**Material provided:**
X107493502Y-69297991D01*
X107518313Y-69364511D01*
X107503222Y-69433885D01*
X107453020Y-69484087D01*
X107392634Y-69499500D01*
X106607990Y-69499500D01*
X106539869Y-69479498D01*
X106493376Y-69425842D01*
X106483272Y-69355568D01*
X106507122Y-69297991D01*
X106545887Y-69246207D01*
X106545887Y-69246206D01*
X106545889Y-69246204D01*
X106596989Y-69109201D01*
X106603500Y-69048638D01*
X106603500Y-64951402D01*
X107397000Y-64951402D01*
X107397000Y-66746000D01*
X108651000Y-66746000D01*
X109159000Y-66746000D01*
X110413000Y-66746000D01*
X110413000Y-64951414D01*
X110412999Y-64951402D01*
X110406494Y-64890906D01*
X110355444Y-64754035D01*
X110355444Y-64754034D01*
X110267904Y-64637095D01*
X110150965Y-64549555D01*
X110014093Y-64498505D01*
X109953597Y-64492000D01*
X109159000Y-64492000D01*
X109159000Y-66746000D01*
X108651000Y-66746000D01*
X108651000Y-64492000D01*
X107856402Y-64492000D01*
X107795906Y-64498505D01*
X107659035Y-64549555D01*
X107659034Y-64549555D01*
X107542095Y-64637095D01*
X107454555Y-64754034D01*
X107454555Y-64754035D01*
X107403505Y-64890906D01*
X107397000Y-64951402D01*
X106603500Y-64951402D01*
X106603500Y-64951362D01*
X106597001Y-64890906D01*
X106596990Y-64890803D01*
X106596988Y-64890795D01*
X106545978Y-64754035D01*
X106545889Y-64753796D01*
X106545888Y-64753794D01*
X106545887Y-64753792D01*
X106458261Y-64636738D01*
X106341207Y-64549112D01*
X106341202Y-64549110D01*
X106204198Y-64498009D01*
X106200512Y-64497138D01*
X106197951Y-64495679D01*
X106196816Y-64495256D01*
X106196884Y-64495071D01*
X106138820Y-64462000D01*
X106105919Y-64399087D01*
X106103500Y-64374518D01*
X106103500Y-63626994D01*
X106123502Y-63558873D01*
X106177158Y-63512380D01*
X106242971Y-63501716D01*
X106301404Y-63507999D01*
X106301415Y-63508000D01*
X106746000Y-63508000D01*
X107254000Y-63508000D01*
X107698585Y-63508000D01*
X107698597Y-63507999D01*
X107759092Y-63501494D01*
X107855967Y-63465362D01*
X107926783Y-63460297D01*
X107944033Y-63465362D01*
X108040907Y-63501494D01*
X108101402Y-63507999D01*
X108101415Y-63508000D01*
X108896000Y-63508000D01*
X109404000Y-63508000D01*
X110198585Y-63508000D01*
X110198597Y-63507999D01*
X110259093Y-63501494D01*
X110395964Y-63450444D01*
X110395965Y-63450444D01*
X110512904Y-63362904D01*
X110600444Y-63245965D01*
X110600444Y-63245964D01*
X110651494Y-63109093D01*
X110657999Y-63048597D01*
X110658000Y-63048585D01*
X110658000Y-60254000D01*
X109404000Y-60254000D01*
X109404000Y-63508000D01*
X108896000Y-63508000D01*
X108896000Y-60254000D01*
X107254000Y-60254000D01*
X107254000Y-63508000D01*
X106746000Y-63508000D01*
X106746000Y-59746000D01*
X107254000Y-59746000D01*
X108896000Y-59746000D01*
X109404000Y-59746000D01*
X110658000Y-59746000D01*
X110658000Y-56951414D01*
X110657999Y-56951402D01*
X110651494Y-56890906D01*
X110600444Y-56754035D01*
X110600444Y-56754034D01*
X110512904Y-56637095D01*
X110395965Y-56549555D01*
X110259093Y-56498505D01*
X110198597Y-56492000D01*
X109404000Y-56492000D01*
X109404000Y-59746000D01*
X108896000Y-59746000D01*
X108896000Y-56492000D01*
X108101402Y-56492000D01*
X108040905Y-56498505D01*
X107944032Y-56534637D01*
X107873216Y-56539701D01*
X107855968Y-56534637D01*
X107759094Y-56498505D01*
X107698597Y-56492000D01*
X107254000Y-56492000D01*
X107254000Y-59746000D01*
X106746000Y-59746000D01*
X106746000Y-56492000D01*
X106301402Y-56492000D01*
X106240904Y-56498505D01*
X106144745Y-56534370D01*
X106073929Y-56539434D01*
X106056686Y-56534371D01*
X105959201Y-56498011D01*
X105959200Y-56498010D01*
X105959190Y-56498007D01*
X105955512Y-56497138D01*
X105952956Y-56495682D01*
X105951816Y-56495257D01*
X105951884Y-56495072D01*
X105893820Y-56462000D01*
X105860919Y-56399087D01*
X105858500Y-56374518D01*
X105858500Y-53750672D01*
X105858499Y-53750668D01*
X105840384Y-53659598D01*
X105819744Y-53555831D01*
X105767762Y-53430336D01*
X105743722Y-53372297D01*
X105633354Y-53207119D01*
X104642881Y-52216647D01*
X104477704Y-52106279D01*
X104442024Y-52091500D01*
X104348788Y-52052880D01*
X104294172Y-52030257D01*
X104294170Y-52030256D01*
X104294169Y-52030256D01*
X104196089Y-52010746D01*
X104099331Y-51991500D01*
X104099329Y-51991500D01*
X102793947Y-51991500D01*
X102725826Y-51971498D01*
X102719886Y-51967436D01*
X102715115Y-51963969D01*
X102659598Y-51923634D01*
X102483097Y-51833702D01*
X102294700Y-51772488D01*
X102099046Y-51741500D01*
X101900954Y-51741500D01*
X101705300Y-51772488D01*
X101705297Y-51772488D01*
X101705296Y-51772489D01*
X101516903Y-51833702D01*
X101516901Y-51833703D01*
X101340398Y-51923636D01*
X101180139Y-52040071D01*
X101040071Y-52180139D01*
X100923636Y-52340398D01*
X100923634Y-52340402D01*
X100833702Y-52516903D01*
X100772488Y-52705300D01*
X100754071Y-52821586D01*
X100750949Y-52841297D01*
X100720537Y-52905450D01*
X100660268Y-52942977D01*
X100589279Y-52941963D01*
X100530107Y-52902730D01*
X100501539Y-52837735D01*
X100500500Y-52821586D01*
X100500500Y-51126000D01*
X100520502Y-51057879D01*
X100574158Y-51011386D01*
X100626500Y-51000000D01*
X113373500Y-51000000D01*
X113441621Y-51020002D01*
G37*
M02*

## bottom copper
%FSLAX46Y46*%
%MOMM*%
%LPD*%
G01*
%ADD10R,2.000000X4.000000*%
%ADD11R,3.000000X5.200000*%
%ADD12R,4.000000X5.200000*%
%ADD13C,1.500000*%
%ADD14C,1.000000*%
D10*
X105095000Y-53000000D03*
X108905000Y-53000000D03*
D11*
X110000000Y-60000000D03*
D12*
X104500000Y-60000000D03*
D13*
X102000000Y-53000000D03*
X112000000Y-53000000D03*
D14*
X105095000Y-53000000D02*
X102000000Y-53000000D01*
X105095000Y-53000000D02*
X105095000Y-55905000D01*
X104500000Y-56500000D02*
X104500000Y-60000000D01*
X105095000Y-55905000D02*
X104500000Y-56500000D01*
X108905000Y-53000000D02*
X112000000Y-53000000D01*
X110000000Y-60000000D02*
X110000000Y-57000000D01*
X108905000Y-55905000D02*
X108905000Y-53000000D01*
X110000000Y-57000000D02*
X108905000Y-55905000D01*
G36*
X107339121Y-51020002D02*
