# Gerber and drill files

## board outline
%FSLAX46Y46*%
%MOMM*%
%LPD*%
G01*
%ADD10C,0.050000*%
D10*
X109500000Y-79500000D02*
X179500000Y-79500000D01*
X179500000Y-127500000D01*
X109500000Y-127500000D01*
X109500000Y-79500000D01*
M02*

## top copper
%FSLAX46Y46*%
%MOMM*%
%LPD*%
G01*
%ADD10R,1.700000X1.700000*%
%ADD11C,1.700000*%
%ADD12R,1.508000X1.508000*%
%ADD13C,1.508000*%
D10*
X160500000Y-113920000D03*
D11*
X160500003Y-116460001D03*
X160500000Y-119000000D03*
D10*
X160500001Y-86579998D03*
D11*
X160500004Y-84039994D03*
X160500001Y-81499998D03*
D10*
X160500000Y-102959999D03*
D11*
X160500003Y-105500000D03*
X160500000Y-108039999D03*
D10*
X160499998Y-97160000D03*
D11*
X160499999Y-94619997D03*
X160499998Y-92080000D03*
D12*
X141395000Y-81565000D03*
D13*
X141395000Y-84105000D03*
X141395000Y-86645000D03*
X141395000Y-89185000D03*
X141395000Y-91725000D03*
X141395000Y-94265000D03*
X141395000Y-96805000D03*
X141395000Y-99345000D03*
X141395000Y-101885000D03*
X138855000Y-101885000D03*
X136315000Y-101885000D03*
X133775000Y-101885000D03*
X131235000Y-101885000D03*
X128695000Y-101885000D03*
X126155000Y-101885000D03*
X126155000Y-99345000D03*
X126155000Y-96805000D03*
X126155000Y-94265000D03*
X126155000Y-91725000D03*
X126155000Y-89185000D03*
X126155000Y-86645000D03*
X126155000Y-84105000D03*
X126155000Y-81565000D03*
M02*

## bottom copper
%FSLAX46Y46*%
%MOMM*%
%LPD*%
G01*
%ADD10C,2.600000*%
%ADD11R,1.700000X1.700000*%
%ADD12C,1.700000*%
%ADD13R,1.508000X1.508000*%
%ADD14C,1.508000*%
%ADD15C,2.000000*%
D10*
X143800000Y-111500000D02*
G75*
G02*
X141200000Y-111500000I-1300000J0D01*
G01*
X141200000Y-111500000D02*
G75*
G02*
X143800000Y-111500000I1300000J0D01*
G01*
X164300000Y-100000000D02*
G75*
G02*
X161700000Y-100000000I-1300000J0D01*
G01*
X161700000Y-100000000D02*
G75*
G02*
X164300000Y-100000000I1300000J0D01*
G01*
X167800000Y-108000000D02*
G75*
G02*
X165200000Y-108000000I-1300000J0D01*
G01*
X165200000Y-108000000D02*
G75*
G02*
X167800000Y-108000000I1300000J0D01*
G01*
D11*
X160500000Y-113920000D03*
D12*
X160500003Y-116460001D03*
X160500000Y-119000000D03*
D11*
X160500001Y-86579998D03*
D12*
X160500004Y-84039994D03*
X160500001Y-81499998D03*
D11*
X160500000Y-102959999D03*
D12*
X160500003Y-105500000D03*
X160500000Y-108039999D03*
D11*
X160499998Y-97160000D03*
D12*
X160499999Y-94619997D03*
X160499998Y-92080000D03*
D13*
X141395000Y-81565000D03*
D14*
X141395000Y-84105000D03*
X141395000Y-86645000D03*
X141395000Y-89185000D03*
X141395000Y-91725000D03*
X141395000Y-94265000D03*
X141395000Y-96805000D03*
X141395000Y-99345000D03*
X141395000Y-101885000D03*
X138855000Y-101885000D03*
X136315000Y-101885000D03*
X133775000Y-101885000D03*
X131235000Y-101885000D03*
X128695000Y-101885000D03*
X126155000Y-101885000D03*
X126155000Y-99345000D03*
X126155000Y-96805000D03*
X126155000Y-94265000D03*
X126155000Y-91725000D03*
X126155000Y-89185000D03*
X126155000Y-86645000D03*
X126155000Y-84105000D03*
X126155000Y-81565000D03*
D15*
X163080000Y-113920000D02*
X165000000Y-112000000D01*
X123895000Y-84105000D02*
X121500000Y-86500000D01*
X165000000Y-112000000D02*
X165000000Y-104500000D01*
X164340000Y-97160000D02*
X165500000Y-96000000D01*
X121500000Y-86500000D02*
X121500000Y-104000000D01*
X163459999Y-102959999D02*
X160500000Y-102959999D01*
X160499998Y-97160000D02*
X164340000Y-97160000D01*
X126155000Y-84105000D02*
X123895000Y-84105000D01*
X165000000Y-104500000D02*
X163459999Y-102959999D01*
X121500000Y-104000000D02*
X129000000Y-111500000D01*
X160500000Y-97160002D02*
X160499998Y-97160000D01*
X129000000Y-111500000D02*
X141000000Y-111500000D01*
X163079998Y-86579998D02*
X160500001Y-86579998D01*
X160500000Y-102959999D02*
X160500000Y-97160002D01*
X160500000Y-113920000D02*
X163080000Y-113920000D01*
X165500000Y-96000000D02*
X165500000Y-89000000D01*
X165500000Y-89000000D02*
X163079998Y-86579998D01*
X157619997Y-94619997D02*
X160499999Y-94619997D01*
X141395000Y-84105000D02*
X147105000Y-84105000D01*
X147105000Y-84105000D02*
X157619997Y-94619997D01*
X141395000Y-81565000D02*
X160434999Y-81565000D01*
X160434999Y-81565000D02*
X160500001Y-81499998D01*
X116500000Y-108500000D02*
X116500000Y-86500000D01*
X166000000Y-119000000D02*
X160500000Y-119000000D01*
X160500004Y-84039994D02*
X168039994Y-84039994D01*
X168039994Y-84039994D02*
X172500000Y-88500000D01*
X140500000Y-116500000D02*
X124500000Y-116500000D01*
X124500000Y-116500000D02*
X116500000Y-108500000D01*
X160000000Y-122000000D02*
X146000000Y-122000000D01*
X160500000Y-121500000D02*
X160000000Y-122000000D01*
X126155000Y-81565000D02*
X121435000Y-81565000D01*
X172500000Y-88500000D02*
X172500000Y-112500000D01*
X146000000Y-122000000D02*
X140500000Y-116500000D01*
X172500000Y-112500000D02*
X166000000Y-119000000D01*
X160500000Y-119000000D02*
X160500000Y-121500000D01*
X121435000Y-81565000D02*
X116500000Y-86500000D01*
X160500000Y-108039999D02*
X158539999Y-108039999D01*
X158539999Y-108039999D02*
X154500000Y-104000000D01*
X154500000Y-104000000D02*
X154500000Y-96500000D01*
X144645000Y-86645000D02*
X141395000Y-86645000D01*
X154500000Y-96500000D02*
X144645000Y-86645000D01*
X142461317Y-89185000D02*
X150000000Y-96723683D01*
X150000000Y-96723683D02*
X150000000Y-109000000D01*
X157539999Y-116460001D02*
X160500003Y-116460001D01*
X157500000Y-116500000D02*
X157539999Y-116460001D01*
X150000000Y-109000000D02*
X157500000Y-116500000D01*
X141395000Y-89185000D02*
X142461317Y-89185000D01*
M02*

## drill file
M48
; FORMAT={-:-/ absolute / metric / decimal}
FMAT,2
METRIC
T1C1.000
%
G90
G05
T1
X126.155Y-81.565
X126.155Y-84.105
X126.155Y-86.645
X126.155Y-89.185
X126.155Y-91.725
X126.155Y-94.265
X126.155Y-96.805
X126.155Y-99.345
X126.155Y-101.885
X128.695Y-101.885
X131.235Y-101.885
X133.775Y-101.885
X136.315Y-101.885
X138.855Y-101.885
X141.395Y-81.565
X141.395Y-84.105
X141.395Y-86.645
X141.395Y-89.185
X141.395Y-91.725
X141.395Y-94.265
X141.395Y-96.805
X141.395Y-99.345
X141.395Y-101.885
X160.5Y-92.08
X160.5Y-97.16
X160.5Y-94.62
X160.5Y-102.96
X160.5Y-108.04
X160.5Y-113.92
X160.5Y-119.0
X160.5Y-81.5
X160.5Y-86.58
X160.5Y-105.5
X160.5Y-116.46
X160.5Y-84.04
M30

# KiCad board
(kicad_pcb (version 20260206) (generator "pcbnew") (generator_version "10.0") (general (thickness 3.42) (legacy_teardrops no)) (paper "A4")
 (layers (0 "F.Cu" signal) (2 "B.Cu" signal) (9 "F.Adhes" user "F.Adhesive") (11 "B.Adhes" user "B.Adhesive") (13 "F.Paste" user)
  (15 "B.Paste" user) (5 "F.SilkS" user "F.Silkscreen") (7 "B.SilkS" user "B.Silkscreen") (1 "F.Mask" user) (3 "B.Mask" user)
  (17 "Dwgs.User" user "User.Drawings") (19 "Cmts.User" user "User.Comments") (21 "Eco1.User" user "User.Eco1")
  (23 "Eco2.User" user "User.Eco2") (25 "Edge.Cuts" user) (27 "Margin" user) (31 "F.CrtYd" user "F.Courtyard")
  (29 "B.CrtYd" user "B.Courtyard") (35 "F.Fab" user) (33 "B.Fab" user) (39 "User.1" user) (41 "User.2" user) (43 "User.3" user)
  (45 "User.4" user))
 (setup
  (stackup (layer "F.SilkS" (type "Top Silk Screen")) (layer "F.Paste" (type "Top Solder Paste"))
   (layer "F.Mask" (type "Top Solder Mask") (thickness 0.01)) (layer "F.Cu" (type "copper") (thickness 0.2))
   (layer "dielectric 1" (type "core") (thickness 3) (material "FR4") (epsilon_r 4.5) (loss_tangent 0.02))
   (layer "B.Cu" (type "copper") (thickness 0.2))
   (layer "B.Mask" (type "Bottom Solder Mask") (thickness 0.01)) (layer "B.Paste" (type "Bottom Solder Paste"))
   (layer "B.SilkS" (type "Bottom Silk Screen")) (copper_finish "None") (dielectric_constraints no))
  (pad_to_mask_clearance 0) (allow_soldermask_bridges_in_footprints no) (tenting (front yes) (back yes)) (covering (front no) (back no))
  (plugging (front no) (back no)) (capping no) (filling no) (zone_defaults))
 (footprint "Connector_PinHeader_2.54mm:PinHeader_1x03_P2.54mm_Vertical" (layer "F.Cu") (at 160.5 113.92)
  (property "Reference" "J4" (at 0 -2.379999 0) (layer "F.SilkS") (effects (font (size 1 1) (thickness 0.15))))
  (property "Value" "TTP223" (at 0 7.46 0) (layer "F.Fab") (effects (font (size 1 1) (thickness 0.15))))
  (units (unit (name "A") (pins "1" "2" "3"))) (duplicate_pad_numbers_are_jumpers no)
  (pad "1" thru_hole rect (at 0 0) (size 1.7 1.7) (drill 1) (layers "*.Cu" "*.Mask") (remove_unused_layers no) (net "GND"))
  (pad "2" thru_hole circle (at 0.000003 2.540001) (size 1.7 1.7) (drill 1) (layers "*.Cu" "*.Mask") (remove_unused_layers no) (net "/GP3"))
  (pad "3" thru_hole circle (at 0 5.08) (size 1.7 1.7) (drill 1) (layers "*.Cu" "*.Mask") (remove_unused_layers no) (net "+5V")))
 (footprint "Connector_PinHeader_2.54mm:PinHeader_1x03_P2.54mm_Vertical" (layer "F.Cu") (at 160.500001 86.579998 180)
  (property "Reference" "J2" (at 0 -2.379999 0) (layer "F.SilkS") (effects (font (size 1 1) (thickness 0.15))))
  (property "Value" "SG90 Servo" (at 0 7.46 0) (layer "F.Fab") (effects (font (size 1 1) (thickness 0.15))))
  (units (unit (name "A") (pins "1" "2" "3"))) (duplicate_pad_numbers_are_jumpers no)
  (pad "1" thru_hole rect (at 0 0 180) (size 1.7 1.7) (drill 1) (layers "*.Cu" "*.Mask") (remove_unused_layers no) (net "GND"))
  (pad "2" thru_hole circle (at -0.000003 2.540004 180) (size 1.7 1.7) (drill 1) (layers "*.Cu" "*.Mask") (remove_unused_layers no)
   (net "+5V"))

**Problem:**
Which lines contain "Paste"? Copy each of them from the listing.

**Exercise response:**
 (layers (0 "F.Cu" signal) (2 "B.Cu" signal) (9 "F.Adhes" user "F.Adhesive") (11 "B.Adhes" user "B.Adhesive") (13 "F.Paste" user)
  (15 "B.Paste" user) (5 "F.SilkS" user "F.Silkscreen") (7 "B.SilkS" user "B.Silkscreen") (1 "F.Mask" user) (3 "B.Mask" user)
  (stackup (layer "F.SilkS" (type "Top Silk Screen")) (layer "F.Paste" (type "Top Solder Paste"))
   (layer "B.Mask" (type "Bottom Solder Mask") (thickness 0.01)) (layer "B.Paste" (type "Bottom Solder Paste"))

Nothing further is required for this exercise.